Guard distributed solve path against null GPU handle.

When distributed PDLP is enabled, this branch can pass a null handle_ptr if the selected memory backend is not GPU. Fail fast before calling the distributed overload.

Suggested fix

- if (lp_settings.hyper_params.use_distributed_pdlp) { + if (lp_settings.hyper_params.use_distributed_pdlp) { + if (handle_ptr == nullptr) { + throw std::runtime_error("Distributed PDLP requires GPU memory backend."); + } cuopt::linear_programming::solve_lp(handle_ptr.get(), mps_data_model, lp_settings); } else { cuopt::linear_programming::solve_lp(problem_interface.get(), lp_settings); }

🤖 Prompt for AI Agents

Verify each finding against current code. Fix only still-valid issues, skip the rest with a brief reason, keep changes minimal, and validate. In `@cpp/cuopt_cli.cpp` around lines 180 - 184, When lp_settings.hyper_params.use_distributed_pdlp is true, guard the distributed PDLP call by checking that handle_ptr is non-null before invoking cuopt::linear_programming::solve_lp(handle_ptr.get(), ...); if handle_ptr is null, fail fast with a clear error (e.g., log and exit or throw) rather than calling the distributed overload; update the branch that currently chooses between solve_lp(handle_ptr.get(), mps_data_model, lp_settings) and solve_lp(problem_interface.get(), lp_settings) to validate handle_ptr first and only call the distributed overload when handle_ptr is valid.

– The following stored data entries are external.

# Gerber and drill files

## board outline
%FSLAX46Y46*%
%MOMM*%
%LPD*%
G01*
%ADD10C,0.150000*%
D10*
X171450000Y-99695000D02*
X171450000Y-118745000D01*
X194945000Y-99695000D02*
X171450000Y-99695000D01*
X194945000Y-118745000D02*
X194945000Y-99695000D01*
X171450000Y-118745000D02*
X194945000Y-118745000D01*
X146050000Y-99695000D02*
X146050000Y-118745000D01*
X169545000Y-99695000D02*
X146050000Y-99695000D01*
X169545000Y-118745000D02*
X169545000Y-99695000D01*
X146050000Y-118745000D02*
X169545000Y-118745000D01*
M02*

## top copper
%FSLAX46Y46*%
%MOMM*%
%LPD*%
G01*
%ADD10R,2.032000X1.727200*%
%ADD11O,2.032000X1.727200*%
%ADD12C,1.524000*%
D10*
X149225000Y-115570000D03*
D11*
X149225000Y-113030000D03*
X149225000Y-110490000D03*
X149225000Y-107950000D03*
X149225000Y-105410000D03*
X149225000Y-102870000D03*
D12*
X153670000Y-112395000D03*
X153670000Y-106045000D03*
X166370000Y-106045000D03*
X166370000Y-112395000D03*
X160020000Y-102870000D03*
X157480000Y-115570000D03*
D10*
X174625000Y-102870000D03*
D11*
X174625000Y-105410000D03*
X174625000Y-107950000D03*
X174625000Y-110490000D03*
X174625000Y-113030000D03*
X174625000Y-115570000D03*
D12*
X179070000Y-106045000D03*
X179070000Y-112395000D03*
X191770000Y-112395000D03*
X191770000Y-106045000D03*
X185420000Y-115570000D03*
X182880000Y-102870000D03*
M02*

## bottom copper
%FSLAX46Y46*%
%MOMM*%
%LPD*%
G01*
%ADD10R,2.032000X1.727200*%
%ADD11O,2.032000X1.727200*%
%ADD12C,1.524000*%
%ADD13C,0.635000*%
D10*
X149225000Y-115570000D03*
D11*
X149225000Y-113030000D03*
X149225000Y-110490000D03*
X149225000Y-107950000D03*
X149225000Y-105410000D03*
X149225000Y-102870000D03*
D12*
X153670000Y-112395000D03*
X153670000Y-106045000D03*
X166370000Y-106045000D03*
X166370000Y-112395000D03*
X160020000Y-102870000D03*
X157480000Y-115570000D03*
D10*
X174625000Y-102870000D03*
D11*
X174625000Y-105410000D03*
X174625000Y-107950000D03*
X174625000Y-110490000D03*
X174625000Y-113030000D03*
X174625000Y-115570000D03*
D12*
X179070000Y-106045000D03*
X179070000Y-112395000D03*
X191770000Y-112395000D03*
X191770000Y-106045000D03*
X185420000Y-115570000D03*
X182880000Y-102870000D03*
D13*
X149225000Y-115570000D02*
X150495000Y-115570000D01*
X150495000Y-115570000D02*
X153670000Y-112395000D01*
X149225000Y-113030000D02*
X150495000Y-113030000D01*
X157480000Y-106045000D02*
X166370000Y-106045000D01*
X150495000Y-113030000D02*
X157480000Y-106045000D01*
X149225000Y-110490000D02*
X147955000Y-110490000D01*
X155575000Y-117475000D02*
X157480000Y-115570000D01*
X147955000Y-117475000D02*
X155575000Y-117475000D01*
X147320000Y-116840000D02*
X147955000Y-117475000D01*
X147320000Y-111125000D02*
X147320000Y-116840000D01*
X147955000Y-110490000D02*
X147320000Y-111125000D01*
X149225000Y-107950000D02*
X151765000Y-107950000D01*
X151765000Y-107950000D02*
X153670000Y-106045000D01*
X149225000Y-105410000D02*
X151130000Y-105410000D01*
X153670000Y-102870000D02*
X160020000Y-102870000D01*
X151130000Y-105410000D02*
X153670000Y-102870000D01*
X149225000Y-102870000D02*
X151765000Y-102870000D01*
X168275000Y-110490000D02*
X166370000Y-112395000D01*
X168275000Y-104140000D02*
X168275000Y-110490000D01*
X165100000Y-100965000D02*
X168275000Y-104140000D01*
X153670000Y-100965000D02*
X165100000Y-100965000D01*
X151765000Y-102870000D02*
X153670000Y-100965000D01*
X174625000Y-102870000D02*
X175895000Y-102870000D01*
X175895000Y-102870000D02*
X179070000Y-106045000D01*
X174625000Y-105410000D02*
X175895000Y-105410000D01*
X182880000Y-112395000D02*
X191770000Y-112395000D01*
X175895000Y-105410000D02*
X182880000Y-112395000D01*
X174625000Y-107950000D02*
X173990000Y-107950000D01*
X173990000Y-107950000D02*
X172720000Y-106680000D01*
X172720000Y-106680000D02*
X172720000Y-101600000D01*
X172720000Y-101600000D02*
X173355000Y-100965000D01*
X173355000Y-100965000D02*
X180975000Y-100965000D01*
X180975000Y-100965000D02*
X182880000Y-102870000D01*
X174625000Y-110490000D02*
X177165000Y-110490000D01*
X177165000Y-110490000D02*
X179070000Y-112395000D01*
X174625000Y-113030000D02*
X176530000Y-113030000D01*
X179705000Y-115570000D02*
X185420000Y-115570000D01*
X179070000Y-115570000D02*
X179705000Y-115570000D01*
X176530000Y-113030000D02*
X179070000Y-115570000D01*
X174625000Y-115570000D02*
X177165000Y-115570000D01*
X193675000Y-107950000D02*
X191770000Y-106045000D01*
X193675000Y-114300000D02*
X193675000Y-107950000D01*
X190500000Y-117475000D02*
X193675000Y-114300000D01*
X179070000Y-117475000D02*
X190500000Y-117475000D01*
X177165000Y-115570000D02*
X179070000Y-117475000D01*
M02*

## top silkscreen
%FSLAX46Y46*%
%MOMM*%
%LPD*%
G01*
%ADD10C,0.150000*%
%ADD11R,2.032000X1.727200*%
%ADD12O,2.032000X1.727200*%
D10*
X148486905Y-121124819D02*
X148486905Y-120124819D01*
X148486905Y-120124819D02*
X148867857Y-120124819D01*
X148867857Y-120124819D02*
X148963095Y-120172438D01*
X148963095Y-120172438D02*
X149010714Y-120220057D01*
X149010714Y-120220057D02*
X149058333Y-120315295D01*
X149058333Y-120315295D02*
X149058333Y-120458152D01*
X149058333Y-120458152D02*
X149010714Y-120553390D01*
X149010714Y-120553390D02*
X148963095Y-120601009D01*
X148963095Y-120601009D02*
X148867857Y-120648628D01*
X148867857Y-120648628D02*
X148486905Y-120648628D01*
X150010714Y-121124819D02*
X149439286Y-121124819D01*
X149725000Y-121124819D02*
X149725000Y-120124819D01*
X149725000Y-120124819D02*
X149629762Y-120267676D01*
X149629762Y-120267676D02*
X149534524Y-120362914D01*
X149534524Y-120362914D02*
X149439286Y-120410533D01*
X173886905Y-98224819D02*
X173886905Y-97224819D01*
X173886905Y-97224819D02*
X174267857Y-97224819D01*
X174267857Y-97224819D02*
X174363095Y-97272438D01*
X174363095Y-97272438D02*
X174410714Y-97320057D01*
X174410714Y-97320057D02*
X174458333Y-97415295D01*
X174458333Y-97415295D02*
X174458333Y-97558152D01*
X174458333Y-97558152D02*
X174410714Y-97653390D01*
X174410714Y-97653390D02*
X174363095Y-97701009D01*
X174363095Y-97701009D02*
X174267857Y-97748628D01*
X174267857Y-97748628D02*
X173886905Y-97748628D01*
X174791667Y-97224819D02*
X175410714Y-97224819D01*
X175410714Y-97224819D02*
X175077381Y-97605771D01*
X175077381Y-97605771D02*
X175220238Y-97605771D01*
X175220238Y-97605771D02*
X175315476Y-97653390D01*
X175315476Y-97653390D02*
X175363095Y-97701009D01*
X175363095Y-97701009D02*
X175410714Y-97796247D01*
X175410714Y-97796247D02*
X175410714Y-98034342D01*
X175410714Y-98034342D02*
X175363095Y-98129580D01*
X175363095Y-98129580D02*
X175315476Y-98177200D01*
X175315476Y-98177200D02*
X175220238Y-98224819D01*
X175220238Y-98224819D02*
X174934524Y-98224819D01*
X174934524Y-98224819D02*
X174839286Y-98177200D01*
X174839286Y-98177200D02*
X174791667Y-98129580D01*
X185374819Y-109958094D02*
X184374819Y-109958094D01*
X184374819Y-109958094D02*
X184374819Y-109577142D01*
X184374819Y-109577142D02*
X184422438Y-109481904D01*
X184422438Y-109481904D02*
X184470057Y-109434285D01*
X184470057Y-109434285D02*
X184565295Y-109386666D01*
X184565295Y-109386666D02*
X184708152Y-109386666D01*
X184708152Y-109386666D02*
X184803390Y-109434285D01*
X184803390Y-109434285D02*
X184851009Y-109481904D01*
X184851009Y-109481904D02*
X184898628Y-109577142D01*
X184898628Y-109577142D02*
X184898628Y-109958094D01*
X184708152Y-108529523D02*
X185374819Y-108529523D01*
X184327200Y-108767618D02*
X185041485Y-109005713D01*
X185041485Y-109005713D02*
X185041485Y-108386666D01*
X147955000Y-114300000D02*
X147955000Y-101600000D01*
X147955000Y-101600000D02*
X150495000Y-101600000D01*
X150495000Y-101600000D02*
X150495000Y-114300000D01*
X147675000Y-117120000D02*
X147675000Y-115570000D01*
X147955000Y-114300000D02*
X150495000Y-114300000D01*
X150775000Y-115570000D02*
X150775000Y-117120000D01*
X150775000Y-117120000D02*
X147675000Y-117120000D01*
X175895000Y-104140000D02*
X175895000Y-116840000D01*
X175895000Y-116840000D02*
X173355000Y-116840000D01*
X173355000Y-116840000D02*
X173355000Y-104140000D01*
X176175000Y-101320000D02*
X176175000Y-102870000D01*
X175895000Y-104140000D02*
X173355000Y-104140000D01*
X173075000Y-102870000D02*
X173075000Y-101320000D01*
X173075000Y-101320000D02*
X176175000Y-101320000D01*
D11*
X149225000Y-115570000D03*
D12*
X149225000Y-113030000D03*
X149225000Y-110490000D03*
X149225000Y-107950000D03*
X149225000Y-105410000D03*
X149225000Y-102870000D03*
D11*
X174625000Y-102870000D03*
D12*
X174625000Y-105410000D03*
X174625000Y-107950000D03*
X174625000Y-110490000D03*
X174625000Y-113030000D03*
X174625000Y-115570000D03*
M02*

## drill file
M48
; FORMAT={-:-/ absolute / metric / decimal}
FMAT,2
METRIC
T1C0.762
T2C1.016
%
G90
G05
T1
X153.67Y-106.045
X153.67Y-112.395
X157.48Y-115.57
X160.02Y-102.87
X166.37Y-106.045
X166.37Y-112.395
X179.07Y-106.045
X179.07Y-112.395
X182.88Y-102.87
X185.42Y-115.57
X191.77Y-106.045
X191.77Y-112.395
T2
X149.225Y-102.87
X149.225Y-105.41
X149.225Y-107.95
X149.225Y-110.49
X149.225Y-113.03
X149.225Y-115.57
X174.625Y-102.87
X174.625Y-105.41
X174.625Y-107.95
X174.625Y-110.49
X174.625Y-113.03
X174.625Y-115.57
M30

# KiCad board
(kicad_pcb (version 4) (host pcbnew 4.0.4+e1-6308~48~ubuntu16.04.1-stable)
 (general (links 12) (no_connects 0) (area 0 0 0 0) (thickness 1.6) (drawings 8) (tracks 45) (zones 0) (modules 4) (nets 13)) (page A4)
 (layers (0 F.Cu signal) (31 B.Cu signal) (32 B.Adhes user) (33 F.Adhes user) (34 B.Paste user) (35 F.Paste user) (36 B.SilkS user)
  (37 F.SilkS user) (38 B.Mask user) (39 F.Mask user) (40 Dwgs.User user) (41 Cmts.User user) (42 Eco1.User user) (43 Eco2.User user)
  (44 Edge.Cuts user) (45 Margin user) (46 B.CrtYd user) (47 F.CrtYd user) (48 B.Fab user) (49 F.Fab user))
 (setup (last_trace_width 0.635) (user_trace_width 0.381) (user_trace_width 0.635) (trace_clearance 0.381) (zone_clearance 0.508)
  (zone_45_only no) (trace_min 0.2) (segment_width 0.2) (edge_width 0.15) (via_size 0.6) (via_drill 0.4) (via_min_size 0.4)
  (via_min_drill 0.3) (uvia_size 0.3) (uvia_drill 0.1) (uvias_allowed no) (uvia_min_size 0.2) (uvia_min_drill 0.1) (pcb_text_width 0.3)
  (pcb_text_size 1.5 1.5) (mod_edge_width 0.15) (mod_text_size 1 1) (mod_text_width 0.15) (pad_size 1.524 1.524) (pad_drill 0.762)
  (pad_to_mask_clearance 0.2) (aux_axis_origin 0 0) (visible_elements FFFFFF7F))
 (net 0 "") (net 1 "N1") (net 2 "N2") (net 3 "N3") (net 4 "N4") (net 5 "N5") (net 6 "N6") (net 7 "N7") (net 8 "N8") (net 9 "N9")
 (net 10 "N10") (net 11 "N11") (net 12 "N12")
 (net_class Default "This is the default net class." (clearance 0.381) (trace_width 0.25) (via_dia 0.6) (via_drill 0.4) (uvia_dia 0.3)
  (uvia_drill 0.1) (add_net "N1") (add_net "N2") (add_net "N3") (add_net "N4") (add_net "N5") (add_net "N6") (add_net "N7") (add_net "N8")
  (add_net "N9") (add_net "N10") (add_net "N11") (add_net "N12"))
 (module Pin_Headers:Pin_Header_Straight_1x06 (layer F.Cu) (at 149.225 115.57 180)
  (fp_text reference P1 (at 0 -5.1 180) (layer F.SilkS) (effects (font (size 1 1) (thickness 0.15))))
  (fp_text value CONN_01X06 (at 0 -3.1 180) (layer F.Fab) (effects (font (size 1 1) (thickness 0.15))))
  (fp_line (start 1.27 1.27) (end 1.27 13.97) (layer F.SilkS) (width 0.15))
  (fp_line (start 1.27 13.97) (end -1.27 13.97) (layer F.SilkS) (width 0.15))
  (fp_line (start -1.27 13.97) (end -1.27 1.27) (layer F.SilkS) (width 0.15))
  (fp_line (start 1.55 -1.55) (end 1.55 0) (layer F.SilkS) (width 0.15))
  (fp_line (start 1.27 1.27) (end -1.27 1.27) (layer F.SilkS) (width 0.15))
  (fp_line (start -1.55 0) (end -1.55 -1.55) (layer F.SilkS) (width 0.15))
  (fp_line (start -1.55 -1.55) (end 1.55 -1.55) (layer F.SilkS) (width 0.15))
  (pad 1 thru_hole rect (at 0 0 180) (size 2.032 1.7272) (drill 1.016) (layers *.Cu *.Mask F.SilkS) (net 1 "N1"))
  (pad 2 thru_hole oval (at 0 2.54 180) (size 2.032 1.7272) (drill 1.016) (layers *.Cu *.Mask F.SilkS) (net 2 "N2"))
  (pad 3 thru_hole oval (at 0 5.08 180) (size 2.032 1.7272) (drill 1.016) (layers *.Cu *.Mask F.SilkS) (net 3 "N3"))
  (pad 4 thru_hole oval (at 0 7.62 180) (size 2.032 1.7272) (drill 1.016) (layers *.Cu *.Mask F.SilkS) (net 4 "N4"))
  (pad 5 thru_hole oval (at 0 10.16 180) (size 2.032 1.7272) (drill 1.016) (layers *.Cu *.Mask F.SilkS) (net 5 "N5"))
  (pad 6 thru_hole oval (at 0 12.7 180) (size 2.032 1.7272) (drill 1.016) (layers *.Cu *.Mask F.SilkS) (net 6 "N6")))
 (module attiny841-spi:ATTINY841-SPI (layer B.Cu) (at 160.02 109.22 90)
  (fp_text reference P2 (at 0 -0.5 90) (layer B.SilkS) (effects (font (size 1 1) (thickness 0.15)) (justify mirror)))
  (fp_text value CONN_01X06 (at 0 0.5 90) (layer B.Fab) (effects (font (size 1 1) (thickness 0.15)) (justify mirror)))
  (pad 1 thru_hole circle (at -3.175 -6.35 90) (size 1.524 1.524) (drill 0.762) (layers *.Cu *.Mask) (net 1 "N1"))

coderabbitai · 2026-06-04T15:50:52Z

+    int requested_gpus              = use_distributed_pdlp
+                                        ? settings.get_parameter<int>(CUOPT_DISTRIBUTED_PDLP_NUM_GPUS)
+                                        : settings.get_parameter<int>(CUOPT_NUM_GPUS);
+    if (use_distributed_pdlp && requested_gpus == -1) {
+      requested_gpus = raft::device_setter::get_device_count();
+    }
+    const int provisioned_gpus = std::min(raft::device_setter::get_device_count(), requested_gpus);

-    memory_resources.reserve(std::min(raft::device_setter::get_device_count(), num_gpus));
-    for (int i = 0; i < std::min(raft::device_setter::get_device_count(), num_gpus); ++i) {
+    memory_resources.reserve(provisioned_gpus);


⚠️ Potential issue | 🟠 Major | ⚡ Quick win

Validate GPU count before provisioning memory resources.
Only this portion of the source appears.